Let's take a look at the implementation of ResBlock
, timestep_embedding
, andcontext
, respectively.SpatialTransformer
Implementation of ResBlock
The ResBlock network structure diagram is as follows, it accepts two inputs, the image x
and the embedding corresponding to the timestep:
timestep_embedding implementation
The generation method of timestep_embedding is as follows, using the method in the paper Tranformer (Attention is All you Need):
Implementation of Prompt text embedding
That is context
, the realization of . Prompt uses the CLIP model for coding. I haven't studied the CLIP model in detail, and I don't plan to read it in depth for the time being. I will add it later when I have a chance; the code is generated using pre-trained CLIP context
:
Implementation of SpatialTransformer
Finally, look at the implementation SpatialTransformer
of , which has many modules. When receiving images as input, it also uses context
text as condition information, and the two use Cross Attention for modeling. Expanding further SpatialTransformer
, it is found that BasicTransformerBlock
it actually calls the Cross Attention module, and in the Cross Attention module, the image information is used as Query, and the text information is used as Key & Value. The model will pay attention to the correlation between the content of each part of the image and text:
I think we can use a simple idea to understand the role of Cross Attention here, such as giving a picture of a horse grazing grass during training, and a text prompt: "A white horse grazing in the desert", doing Attention When , the keyword "horse" in the text is more relevant to the animal (also "horse") in the image, because the weight is also greater, while "a horse", "white", "desert", "grass ” The equal weight is lower; at this time, when the model is well trained, the model will not only be able to learn the matching relationship between the image and the text, but also learn which keywords in the text want to highlight in the image through Attention main body.

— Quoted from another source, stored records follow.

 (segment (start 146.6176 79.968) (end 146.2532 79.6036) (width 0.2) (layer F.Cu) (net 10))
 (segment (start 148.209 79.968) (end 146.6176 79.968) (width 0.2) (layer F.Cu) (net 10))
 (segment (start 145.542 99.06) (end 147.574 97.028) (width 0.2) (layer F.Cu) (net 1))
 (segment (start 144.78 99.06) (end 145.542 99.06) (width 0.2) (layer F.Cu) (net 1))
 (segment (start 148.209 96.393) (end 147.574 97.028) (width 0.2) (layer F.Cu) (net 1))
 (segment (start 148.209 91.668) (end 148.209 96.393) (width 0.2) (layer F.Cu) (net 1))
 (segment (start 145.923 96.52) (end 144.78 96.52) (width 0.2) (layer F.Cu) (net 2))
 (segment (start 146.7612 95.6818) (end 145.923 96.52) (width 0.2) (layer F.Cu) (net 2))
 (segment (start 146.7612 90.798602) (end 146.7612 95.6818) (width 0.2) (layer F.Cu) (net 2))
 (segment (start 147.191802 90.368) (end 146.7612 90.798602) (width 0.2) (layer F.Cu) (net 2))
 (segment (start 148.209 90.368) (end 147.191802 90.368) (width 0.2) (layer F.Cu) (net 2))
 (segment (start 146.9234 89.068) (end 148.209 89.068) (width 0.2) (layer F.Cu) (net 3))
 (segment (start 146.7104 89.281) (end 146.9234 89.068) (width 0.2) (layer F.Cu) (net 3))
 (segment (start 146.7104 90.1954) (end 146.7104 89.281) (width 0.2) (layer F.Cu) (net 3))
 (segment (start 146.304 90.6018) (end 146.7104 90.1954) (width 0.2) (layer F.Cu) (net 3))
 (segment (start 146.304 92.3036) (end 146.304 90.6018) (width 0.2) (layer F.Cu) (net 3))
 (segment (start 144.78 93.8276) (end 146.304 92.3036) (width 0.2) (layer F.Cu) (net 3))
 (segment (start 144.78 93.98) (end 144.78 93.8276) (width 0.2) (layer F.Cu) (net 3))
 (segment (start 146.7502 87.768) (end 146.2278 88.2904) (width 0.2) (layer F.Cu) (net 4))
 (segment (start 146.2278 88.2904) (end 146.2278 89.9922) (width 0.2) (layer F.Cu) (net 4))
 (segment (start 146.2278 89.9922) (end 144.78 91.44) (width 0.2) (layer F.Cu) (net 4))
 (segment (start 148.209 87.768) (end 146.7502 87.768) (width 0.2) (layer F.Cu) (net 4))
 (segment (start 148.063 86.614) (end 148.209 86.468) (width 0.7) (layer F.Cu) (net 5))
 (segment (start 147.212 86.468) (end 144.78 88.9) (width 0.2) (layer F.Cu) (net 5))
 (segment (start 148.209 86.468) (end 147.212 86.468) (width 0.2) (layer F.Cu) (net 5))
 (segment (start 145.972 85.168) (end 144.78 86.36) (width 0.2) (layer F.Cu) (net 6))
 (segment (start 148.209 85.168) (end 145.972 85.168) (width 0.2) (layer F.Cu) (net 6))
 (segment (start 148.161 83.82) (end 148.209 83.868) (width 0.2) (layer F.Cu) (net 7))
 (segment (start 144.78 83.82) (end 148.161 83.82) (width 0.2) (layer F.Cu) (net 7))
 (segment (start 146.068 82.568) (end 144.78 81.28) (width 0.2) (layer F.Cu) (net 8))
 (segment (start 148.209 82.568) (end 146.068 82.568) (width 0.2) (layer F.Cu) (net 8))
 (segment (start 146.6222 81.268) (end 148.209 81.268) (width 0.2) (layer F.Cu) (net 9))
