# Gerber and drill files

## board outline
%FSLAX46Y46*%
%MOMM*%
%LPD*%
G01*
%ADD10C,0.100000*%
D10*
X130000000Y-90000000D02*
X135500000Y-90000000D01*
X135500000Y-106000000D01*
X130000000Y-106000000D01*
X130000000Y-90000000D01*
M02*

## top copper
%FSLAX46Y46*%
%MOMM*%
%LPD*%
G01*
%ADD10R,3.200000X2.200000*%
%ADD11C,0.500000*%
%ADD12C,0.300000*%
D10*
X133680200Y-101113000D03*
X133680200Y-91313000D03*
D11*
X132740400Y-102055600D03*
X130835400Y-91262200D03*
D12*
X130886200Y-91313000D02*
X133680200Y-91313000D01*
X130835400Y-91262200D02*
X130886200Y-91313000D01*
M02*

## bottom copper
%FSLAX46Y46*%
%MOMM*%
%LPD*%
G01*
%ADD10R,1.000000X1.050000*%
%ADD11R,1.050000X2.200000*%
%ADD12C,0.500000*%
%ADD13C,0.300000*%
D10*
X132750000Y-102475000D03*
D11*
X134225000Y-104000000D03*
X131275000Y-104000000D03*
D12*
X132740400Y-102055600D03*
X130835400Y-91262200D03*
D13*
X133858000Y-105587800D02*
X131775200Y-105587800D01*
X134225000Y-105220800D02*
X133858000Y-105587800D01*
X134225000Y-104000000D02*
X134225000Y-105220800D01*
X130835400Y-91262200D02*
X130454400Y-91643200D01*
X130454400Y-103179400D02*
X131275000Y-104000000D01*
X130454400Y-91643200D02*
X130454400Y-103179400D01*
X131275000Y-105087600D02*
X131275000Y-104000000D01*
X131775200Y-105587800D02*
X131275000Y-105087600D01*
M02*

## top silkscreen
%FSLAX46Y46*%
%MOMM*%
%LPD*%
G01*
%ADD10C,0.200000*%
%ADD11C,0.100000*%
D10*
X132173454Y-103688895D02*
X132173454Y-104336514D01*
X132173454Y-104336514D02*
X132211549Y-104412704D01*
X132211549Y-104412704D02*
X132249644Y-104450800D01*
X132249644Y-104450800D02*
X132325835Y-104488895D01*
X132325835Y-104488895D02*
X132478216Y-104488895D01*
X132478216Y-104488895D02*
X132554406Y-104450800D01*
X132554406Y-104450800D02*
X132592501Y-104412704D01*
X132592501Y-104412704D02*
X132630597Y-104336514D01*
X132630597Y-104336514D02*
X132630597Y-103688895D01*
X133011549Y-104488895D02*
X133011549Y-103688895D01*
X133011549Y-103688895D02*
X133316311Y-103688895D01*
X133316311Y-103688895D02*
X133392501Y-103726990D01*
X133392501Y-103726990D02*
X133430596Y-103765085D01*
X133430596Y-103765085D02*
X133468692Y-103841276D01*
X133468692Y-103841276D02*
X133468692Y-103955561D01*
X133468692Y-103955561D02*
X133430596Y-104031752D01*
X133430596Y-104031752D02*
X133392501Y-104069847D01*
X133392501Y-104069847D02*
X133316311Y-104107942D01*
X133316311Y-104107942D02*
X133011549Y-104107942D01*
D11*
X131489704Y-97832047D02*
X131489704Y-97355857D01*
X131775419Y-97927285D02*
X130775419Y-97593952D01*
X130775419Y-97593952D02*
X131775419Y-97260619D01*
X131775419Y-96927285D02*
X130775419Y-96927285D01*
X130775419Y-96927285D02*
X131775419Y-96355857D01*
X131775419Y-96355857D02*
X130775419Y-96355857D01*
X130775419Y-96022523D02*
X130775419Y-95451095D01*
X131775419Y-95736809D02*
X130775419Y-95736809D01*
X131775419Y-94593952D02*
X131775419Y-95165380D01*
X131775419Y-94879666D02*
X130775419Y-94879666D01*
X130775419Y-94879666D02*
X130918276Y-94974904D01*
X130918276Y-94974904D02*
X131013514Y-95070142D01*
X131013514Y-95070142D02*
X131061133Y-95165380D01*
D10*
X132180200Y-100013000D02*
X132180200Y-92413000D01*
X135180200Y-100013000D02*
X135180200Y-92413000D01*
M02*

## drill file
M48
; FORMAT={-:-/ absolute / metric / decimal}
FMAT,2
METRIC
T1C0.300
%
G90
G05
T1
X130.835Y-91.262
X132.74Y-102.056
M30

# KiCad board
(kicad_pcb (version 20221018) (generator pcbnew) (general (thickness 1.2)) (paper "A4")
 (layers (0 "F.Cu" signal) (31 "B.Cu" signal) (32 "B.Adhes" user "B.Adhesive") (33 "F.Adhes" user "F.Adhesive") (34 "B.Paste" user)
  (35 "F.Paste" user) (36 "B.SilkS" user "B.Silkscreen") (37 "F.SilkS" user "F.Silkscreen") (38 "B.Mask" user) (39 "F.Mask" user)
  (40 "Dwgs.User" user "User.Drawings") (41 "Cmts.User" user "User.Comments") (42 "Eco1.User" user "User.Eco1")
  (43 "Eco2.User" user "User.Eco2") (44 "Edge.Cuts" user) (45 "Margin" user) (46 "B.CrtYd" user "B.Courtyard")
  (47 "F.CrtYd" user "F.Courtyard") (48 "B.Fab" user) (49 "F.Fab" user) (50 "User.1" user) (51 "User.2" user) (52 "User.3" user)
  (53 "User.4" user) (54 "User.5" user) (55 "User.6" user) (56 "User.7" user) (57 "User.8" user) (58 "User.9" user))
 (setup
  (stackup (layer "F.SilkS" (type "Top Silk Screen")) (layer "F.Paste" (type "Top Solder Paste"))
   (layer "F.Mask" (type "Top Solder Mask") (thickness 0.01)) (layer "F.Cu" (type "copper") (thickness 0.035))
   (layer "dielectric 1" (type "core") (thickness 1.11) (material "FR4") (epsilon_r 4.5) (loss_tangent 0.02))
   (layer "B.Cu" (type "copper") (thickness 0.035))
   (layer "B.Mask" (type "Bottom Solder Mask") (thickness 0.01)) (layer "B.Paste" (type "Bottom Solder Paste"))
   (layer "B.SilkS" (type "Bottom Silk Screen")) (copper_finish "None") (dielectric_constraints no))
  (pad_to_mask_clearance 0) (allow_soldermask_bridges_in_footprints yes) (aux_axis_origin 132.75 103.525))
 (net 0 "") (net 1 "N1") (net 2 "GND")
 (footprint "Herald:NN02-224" (layer "F.Cu") (at 133.6802 96.213 90)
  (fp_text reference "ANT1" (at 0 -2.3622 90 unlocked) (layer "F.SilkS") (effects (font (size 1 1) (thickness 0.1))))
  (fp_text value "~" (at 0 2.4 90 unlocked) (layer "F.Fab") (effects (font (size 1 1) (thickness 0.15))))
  (fp_line (start -3.8 -1.5) (end 3.8 -1.5) (stroke (width 0.2) (type default)) (layer "F.SilkS"))
  (fp_line (start -3.8 1.5) (end 3.8 1.5) (stroke (width 0.2) (type default)) (layer "F.SilkS"))
  (pad "1" smd rect (at -4.9 0 90) (size 2.2 3.2) (layers "F.Cu" "F.Paste" "F.Mask") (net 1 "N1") (thermal_bridge_angle 45))
  (pad "2" smd rect (at 4.9 0 90) (size 2.2 3.2) (layers "F.Cu" "F.Paste" "F.Mask") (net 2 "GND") (thermal_bridge_angle 45)))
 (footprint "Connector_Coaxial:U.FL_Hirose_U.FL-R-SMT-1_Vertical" (layer "B.Cu") (at 132.75 103.525 -90)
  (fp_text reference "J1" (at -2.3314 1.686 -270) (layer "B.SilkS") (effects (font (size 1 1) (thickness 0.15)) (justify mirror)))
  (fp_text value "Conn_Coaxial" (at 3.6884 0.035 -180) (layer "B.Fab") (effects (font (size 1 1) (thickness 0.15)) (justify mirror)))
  (pad "1" smd rect (at -1.05 0 270) (size 1.05 1) (layers "B.Cu" "B.Paste" "B.Mask") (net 1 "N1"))
  (pad "2" smd rect (at 0.475 -1.475 270) (size 2.2 1.05) (layers "B.Cu" "B.Paste" "B.Mask") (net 2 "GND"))
  (pad "2" smd rect (at 0.475 1.475 270) (size 2.2 1.05) (layers "B.Cu" "B.Paste" "B.Mask") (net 2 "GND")))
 (gr_rect (start 130 90) (end 135.5 106) (stroke (width 0.1) (type default)) (fill none) (layer "Edge.Cuts"))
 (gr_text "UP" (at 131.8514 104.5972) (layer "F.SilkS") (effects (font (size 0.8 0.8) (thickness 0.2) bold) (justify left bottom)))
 (via (at 132.7404 102.0556) (size 0.5) (drill 0.3) (layers "F.Cu" "B.Cu") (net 1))
 (segment (start 130.8862 91.313) (end 133.6802 91.313) (width 0.3) (layer "F.Cu") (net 2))
 (segment (start 130.8354 91.2622) (end 130.8862 91.313) (width 0.3) (layer "F.Cu") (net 2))
 (via (at 130.8354 91.2622) (size 0.5) (drill 0.3) (layers "F.Cu" "B.Cu") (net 2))
 (segment (start 133.858 105.5878) (end 131.7752 105.5878) (width 0.3) (layer "B.Cu") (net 2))
 (segment (start 134.225 105.2208) (end 133.858 105.5878) (width 0.3) (layer "B.Cu") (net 2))
 (segment (start 134.225 104) (end 134.225 105.2208) (width 0.3) (layer "B.Cu") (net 2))
 (segment (start 130.8354 91.2622) (end 130.4544 91.6432) (width 0.3) (layer "B.Cu") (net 2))
 (segment (start 130.4544 103.1794) (end 131.275 104) (width 0.3) (layer "B.Cu") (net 2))
 (segment (start 130.4544 91.6432) (end 130.4544 103.1794) (width 0.3) (layer "B.Cu") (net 2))
 (segment (start 131.275 105.0876) (end 131.275 104) (width 0.3) (layer "B.Cu") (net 2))
 (segment (start 131.7752 105.5878) (end 131.275 105.0876) (width 0.3) (layer "B.Cu") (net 2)))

And when we input prompt words and use the model to generate images, such as inputting "a horse is grazing", since the model has been able to capture the correlation between the image and the text and the key information in the text at this time, when it sees the text " "Horse", under the operation of black box magic, will highlight the generation of the image "horse"; when it sees "grass", it will highlight the generation of the image "grass", so as to generate an image that matches the text as much as possible .
So far, the basic introduction of each important component of UNetModel has been completed.
summary
Since the structure of the UNetModel model is not complicated, you can basically write the code by looking at the picture. A picture is worth a thousand words. In addition, I marked the size of the output result of each module , which is very convenient to run the model in the brain, hahaha.
This article briefly introduces the overall framework of the Stable Diffusion Vincent diagram code, lists some core papers on the diffusion model, and briefly analyzes UNetModel. Follow up to analyze other core components.
I found that the development of AIGC is too fast, and I can't learn it... I feel more and more that what Zhuangzi said is true: If there is a limit, there will be no limit, and it will be over!